Implement an adaptive-step-size Runge-Kutta "driver"-routine wchich advances the solution from a to b (by calling rkstep with appropriate step-sizes) keeping the specified relative, eps, and absolute, acc, precision:

function driver(f,a,b,y0,acc,eps,h){
   if(a>=b) return y0;
   if(a+h>b) h=b-a;
   trial=rkstep(f,a,y0,h); y1=trial[0]; err=trial[1];
   tol=(eps*Math.abs(y1)+acc)*Math.sqrt(h/(b-a));
   if(err>0) newh=h*Math.pow((tol/err),0.2)*0.95; else newh=2*h;
   if(err<tol) {
      a=a+h;
      return driver(f,a,b,y1,acc,eps,newh); }
   else {
      return driver(f,a,b,y0,acc,eps,newh); }
}

Here is a Haskell example.

Implement a Prediction-Correction method with adaptive step-size for a single first order differential equation.
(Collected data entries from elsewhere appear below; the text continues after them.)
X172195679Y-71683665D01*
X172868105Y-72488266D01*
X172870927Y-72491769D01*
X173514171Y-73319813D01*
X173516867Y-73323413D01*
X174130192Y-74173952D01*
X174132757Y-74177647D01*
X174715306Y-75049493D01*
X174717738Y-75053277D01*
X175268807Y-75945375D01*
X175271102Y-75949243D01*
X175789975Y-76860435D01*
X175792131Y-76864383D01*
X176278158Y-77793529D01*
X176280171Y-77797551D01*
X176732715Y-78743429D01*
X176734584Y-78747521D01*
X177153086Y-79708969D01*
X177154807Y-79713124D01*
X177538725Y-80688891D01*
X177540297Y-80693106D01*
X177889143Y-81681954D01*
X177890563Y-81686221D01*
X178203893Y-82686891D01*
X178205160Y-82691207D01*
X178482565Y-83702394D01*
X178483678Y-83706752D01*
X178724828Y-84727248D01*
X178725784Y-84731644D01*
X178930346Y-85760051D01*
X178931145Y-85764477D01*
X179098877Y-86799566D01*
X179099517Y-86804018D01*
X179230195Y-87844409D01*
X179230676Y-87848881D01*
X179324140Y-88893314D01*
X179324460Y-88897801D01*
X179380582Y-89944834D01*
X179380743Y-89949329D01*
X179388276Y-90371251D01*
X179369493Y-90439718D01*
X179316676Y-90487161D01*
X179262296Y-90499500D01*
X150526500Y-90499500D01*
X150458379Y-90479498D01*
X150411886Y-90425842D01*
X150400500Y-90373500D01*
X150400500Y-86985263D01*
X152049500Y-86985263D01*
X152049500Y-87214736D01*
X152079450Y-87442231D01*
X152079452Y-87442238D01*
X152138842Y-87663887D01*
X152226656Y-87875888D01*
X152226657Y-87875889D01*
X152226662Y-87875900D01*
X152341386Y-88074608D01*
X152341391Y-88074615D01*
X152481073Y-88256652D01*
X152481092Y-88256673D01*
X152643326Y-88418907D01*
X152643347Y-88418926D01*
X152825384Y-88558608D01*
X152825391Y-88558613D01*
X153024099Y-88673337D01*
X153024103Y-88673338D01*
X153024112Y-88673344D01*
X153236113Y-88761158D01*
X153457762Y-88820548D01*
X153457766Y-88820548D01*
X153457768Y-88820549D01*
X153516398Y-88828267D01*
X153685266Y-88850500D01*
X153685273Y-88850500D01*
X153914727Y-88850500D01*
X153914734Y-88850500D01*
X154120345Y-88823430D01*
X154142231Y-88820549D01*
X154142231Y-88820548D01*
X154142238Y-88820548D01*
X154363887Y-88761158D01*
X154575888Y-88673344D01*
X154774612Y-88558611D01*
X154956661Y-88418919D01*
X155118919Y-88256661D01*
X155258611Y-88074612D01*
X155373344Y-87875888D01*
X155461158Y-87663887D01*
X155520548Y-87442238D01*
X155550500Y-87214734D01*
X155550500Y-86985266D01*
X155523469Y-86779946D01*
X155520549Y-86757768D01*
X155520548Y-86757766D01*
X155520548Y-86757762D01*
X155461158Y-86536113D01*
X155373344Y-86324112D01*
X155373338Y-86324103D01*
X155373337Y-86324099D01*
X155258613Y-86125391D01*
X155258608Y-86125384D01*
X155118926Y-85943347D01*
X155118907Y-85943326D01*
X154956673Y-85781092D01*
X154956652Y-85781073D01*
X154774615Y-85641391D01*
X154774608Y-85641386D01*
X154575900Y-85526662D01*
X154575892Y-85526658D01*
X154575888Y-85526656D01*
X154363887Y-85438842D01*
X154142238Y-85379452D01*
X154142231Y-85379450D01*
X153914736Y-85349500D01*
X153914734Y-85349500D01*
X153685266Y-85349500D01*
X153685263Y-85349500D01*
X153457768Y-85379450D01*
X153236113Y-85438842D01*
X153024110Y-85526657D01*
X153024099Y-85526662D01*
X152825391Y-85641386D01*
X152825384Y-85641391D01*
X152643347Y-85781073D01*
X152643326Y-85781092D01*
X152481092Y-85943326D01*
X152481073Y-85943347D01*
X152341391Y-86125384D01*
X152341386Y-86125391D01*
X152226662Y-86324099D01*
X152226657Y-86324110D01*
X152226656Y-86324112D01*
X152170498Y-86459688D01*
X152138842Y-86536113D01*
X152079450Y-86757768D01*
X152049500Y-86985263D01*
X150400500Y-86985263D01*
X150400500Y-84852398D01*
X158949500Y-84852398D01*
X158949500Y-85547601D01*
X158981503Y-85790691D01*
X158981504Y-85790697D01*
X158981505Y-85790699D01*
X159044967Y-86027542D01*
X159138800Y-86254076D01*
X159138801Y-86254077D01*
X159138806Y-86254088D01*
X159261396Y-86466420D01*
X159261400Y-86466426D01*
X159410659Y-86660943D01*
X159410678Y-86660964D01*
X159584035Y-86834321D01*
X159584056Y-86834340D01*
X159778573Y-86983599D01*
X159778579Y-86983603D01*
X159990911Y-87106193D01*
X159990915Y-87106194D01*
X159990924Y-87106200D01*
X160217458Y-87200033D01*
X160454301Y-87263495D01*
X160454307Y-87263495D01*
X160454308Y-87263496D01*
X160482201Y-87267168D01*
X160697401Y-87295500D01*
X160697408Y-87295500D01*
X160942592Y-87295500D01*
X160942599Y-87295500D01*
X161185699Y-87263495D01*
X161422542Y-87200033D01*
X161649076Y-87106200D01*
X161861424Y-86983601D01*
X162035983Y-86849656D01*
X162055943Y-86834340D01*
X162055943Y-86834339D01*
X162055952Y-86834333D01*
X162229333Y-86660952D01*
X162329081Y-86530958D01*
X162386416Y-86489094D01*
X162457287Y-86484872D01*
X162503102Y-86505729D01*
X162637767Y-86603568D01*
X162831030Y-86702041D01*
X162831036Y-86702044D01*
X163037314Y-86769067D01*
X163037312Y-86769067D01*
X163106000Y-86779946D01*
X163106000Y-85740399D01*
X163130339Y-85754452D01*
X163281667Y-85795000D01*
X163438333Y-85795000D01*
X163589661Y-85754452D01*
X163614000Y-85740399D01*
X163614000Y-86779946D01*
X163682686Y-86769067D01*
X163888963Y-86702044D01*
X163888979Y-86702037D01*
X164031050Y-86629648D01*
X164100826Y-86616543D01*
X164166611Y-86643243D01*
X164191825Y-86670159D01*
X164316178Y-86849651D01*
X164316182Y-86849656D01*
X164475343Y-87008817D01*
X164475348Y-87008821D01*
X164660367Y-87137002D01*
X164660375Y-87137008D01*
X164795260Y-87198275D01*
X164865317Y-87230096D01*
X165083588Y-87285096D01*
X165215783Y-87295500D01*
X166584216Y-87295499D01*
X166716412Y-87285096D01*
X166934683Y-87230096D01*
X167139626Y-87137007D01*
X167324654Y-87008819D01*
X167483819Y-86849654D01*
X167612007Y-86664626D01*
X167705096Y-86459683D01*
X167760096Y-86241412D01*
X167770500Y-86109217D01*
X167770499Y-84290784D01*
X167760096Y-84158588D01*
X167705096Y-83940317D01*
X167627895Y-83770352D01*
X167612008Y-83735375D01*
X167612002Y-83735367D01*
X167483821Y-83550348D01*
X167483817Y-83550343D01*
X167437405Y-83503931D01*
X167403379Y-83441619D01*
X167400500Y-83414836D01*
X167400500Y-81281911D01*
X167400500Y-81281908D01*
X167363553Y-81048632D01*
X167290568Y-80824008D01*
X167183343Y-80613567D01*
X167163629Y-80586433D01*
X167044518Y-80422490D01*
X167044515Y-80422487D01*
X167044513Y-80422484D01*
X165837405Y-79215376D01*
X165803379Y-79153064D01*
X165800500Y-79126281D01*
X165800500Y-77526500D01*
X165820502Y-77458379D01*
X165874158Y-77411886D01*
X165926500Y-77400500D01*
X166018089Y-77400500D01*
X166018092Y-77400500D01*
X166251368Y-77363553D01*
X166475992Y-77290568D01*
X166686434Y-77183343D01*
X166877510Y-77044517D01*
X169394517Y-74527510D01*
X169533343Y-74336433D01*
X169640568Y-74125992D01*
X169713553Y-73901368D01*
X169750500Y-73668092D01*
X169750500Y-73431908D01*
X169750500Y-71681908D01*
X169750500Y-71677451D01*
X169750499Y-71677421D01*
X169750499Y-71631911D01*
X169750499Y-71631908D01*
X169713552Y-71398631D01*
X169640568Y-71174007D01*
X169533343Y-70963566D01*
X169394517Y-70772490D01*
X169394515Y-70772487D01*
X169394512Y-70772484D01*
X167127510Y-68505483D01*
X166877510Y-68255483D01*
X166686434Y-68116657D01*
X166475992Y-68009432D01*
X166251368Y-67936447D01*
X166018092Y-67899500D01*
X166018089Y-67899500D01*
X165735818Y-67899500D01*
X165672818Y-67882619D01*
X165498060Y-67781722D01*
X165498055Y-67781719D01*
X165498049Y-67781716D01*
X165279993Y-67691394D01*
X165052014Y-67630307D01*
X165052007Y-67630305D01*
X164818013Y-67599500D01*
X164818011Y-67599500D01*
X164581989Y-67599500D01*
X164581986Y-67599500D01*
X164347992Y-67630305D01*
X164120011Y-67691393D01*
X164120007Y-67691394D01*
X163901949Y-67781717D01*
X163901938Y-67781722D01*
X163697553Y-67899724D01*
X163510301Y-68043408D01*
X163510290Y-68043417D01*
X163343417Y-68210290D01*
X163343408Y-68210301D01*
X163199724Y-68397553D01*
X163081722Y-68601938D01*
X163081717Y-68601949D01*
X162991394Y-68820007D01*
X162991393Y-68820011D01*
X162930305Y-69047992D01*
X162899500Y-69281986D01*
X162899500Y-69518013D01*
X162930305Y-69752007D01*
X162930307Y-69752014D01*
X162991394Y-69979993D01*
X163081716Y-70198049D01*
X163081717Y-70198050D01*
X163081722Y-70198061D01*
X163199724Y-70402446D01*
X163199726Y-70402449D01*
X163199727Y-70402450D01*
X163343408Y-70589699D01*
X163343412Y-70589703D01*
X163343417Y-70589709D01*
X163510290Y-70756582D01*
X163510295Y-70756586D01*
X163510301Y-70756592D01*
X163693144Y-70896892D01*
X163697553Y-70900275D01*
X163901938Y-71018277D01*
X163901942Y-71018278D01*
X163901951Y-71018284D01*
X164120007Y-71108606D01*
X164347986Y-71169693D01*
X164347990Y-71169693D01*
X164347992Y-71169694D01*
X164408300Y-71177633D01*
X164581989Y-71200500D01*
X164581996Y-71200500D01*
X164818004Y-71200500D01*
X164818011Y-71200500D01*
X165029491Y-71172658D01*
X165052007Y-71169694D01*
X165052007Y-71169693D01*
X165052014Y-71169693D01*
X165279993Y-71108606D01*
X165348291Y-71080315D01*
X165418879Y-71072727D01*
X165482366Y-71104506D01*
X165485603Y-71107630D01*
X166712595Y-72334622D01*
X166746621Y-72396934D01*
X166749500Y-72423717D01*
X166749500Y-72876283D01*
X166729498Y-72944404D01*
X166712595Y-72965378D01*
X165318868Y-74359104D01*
Here is a Fortran and a JavaScript example.
Generalize your routine for systems of ordinary differential equations. Here is a Haskell example.
Make your routine remember the points (x,y) it calculated along the way. Here is a Haskell example.
For a system y'=f(x) compare the effectiveness of your adapt routine with your Runge-Kutta and your Prediction-Correction routines.